E chi non ha spazio a sufficienza sotto casa? E men che meno salite e discese?
"Chi ha un tapis roulant, o anche una cyclette, li può benissimo utilizzare, alzando o abbassando ogni tanto la velocità o l’intensità, per una distanza complessiva di circa 5-6 km ad allenamento. Altrimenti ci si può provare a ingegnare in qualche modo: si possono frazionare le distanze, oppure salire e scendere le scale di casa, o le rampe dei garage. Il tutto stando sempre attenti a non farsi male e tenendosi a distanza dalle eventuali persone che passano". 

E il lavoro col pallone?
"È il più divertente, quindi anche quello che si fa più volentieri. Se uno ha il giardino in casa può lavorare sulla tecnica individuale, facendo ad esempio delle serie di palleggi o anche esercitandosi a battimuro.
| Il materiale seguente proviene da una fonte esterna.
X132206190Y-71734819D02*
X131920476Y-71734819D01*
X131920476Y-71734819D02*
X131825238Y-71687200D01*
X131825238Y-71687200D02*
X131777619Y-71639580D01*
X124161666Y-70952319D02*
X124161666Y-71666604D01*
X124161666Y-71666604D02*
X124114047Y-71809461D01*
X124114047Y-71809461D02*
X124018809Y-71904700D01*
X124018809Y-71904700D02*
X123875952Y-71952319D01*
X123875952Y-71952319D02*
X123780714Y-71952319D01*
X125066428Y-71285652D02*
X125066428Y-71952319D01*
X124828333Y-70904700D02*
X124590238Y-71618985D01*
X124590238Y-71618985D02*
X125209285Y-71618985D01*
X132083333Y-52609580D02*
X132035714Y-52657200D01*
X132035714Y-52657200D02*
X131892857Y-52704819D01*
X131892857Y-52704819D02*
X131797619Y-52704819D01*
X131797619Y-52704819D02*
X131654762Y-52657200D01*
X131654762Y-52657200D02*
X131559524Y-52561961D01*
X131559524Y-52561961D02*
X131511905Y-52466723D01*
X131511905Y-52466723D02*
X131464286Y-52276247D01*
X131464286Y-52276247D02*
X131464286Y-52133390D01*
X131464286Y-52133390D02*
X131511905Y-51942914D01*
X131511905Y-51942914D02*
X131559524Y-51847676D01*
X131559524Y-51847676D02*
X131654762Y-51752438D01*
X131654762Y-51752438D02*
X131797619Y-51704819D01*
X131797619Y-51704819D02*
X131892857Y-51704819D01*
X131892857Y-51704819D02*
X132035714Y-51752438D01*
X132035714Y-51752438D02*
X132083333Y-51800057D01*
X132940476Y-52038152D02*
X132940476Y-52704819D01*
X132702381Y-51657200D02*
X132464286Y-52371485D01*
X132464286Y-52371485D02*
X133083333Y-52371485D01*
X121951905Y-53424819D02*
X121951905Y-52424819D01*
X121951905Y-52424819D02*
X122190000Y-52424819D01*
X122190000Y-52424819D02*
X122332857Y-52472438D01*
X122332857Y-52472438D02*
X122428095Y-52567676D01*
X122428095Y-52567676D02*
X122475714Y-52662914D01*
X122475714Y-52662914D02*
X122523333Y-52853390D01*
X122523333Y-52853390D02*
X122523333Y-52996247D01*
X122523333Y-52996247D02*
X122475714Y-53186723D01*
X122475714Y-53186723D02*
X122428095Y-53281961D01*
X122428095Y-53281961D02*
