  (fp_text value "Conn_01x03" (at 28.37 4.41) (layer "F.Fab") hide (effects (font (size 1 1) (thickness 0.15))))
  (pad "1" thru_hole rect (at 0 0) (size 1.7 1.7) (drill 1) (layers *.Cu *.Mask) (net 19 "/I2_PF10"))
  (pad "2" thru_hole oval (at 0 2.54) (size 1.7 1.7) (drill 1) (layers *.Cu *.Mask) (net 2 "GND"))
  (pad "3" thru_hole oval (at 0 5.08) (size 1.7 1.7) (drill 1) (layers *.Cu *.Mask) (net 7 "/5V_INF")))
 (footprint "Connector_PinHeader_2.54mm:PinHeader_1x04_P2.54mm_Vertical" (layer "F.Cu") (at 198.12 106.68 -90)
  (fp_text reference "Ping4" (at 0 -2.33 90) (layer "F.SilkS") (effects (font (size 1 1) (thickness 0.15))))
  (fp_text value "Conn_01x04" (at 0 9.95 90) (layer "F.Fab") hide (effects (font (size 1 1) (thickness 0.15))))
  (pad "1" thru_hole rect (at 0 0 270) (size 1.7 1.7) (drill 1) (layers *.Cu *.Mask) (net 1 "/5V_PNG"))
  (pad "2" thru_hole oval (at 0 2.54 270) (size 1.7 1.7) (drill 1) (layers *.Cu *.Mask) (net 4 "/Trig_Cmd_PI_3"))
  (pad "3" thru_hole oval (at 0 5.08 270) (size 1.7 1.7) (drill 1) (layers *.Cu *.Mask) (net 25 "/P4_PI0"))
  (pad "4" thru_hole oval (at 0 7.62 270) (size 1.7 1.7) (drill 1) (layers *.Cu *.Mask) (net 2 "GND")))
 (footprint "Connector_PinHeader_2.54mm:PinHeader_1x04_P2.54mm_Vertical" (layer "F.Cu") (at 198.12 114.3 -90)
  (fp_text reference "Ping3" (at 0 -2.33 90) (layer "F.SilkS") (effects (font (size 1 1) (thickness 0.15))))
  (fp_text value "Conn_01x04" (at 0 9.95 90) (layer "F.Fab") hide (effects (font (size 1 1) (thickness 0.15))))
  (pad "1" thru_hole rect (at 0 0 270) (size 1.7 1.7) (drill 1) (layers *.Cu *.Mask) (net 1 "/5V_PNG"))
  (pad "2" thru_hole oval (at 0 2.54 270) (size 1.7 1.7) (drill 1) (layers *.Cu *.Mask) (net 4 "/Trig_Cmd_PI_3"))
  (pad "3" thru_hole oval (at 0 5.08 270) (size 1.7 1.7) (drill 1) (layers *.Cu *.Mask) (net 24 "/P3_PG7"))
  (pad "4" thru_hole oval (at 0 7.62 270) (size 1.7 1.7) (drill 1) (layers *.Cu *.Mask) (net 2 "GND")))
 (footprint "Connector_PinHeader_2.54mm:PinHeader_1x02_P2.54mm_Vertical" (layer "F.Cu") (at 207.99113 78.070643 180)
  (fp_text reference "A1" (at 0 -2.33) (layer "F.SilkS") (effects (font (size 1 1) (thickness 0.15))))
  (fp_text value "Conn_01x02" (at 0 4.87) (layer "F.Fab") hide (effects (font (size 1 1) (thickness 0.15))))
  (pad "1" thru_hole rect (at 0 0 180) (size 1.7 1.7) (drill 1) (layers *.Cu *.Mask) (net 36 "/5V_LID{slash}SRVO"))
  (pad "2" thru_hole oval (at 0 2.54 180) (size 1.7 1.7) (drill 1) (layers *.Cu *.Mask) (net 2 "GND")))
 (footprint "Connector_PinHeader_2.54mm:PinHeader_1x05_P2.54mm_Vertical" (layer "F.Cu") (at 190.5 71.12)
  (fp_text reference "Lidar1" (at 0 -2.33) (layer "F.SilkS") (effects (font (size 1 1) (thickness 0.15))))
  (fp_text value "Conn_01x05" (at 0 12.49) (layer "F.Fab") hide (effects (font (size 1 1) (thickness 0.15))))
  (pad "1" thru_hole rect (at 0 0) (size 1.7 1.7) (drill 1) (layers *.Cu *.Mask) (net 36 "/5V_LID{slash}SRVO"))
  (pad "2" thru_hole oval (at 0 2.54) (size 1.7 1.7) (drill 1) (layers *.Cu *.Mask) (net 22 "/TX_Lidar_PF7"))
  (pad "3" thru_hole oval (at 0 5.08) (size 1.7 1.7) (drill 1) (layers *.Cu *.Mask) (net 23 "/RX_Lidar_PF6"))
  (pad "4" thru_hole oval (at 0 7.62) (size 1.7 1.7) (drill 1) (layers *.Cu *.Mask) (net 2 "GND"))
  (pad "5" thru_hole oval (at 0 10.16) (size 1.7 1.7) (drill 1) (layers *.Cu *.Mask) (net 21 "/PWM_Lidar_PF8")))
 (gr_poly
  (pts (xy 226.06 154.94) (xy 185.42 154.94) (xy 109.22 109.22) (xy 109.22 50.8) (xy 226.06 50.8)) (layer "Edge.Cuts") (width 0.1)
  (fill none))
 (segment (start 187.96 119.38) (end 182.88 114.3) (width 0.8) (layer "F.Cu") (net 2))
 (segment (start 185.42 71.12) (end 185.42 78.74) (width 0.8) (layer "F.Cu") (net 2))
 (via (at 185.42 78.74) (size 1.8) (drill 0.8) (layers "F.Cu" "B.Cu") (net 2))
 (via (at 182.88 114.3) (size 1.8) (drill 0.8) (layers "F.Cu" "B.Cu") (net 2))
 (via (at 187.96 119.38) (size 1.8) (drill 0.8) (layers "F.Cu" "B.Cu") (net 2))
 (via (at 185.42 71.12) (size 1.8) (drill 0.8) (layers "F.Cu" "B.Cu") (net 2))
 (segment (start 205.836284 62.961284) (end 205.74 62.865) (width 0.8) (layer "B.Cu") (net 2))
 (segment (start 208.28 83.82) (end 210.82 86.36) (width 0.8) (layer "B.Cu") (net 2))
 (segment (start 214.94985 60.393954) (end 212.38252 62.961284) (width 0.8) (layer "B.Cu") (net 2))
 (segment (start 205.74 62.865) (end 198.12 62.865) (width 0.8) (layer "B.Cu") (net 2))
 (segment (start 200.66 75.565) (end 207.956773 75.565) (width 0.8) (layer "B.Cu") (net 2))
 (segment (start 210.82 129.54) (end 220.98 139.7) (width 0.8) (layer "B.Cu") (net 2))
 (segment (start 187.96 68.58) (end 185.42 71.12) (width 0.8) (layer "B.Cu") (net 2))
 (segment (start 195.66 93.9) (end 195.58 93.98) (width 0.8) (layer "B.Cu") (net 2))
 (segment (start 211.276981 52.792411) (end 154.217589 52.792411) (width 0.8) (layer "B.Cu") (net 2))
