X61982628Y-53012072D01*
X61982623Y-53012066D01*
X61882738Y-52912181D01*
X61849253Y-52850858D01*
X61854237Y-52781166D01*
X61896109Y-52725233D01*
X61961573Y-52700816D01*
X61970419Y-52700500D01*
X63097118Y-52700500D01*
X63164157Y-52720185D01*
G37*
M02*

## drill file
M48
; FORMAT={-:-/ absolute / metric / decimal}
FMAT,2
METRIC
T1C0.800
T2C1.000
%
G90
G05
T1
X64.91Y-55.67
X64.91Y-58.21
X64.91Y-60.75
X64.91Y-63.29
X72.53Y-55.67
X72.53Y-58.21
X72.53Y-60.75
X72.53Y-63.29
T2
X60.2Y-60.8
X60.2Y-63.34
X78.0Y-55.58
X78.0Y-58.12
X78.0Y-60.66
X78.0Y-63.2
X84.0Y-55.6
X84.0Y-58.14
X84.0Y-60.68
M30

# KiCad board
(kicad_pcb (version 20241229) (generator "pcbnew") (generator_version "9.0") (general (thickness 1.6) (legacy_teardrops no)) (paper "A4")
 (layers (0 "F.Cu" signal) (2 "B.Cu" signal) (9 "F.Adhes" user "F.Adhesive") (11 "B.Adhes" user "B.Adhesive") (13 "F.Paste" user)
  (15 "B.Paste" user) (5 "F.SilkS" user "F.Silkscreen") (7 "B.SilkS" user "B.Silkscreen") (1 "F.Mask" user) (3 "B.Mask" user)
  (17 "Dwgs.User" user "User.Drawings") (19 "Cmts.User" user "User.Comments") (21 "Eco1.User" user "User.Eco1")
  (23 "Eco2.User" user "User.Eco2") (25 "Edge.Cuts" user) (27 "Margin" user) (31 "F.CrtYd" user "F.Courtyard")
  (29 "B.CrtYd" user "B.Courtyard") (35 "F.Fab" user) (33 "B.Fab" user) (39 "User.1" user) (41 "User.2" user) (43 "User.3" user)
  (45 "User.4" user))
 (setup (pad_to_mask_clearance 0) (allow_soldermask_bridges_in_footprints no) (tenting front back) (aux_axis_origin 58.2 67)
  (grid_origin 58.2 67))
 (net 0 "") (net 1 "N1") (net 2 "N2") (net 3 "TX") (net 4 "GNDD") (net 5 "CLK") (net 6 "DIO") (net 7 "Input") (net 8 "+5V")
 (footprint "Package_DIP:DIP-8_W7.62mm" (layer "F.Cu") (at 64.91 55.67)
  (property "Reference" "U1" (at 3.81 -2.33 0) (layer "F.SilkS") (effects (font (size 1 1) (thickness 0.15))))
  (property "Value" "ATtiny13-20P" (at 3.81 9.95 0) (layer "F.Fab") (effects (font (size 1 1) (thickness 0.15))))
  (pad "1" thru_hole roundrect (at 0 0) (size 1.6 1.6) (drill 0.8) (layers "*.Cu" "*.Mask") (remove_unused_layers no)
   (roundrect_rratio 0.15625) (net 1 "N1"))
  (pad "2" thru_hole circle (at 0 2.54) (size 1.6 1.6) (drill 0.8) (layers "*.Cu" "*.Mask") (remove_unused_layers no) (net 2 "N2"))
Sono esercizi che tra l’altro possono benissimo svolgere insieme genitori e figli, un modo per passare un po’ di tempo insieme. Chi il giardino non ce l’ha può provare a farlo sul divano, sempre che la moglie o la mamma non si arrabbi (ride, ndr). Se i piedi sono buoni, magari…". 

Con l’alimentazione invece cambia qualcosa?
"L’alimentazione in questo periodo è molto importante. Bisognerebbe fare, come si suol dire, colazione da re, pranzo da principi e cena da poveri. Anche perché chi sta a casa tutto il giorno sicuramente consuma di meno rispetto al solito. E anche gli eventuali allenamenti saranno sicuramente meno intensi rispetto a quelli fatti in squadra. L’obiettivo deve essere non prendere chili e conservare massa muscolare: mantenere insomma un certo equilibrio. Per questo è fondamentale, adesso più che mai, evitare bibite gassate, dolci, snack e simili. Se uno è tentato, per noia, di spizzicare qualcosa tra un pasto e l’altro, può mangiarsi un frutto. Mi rendo conto che non è facile, perché anche a casa mia il frigorifero non è mai stato pieno come in questi giorni. Che dire, speriamo che questa brutta situazione passi presto".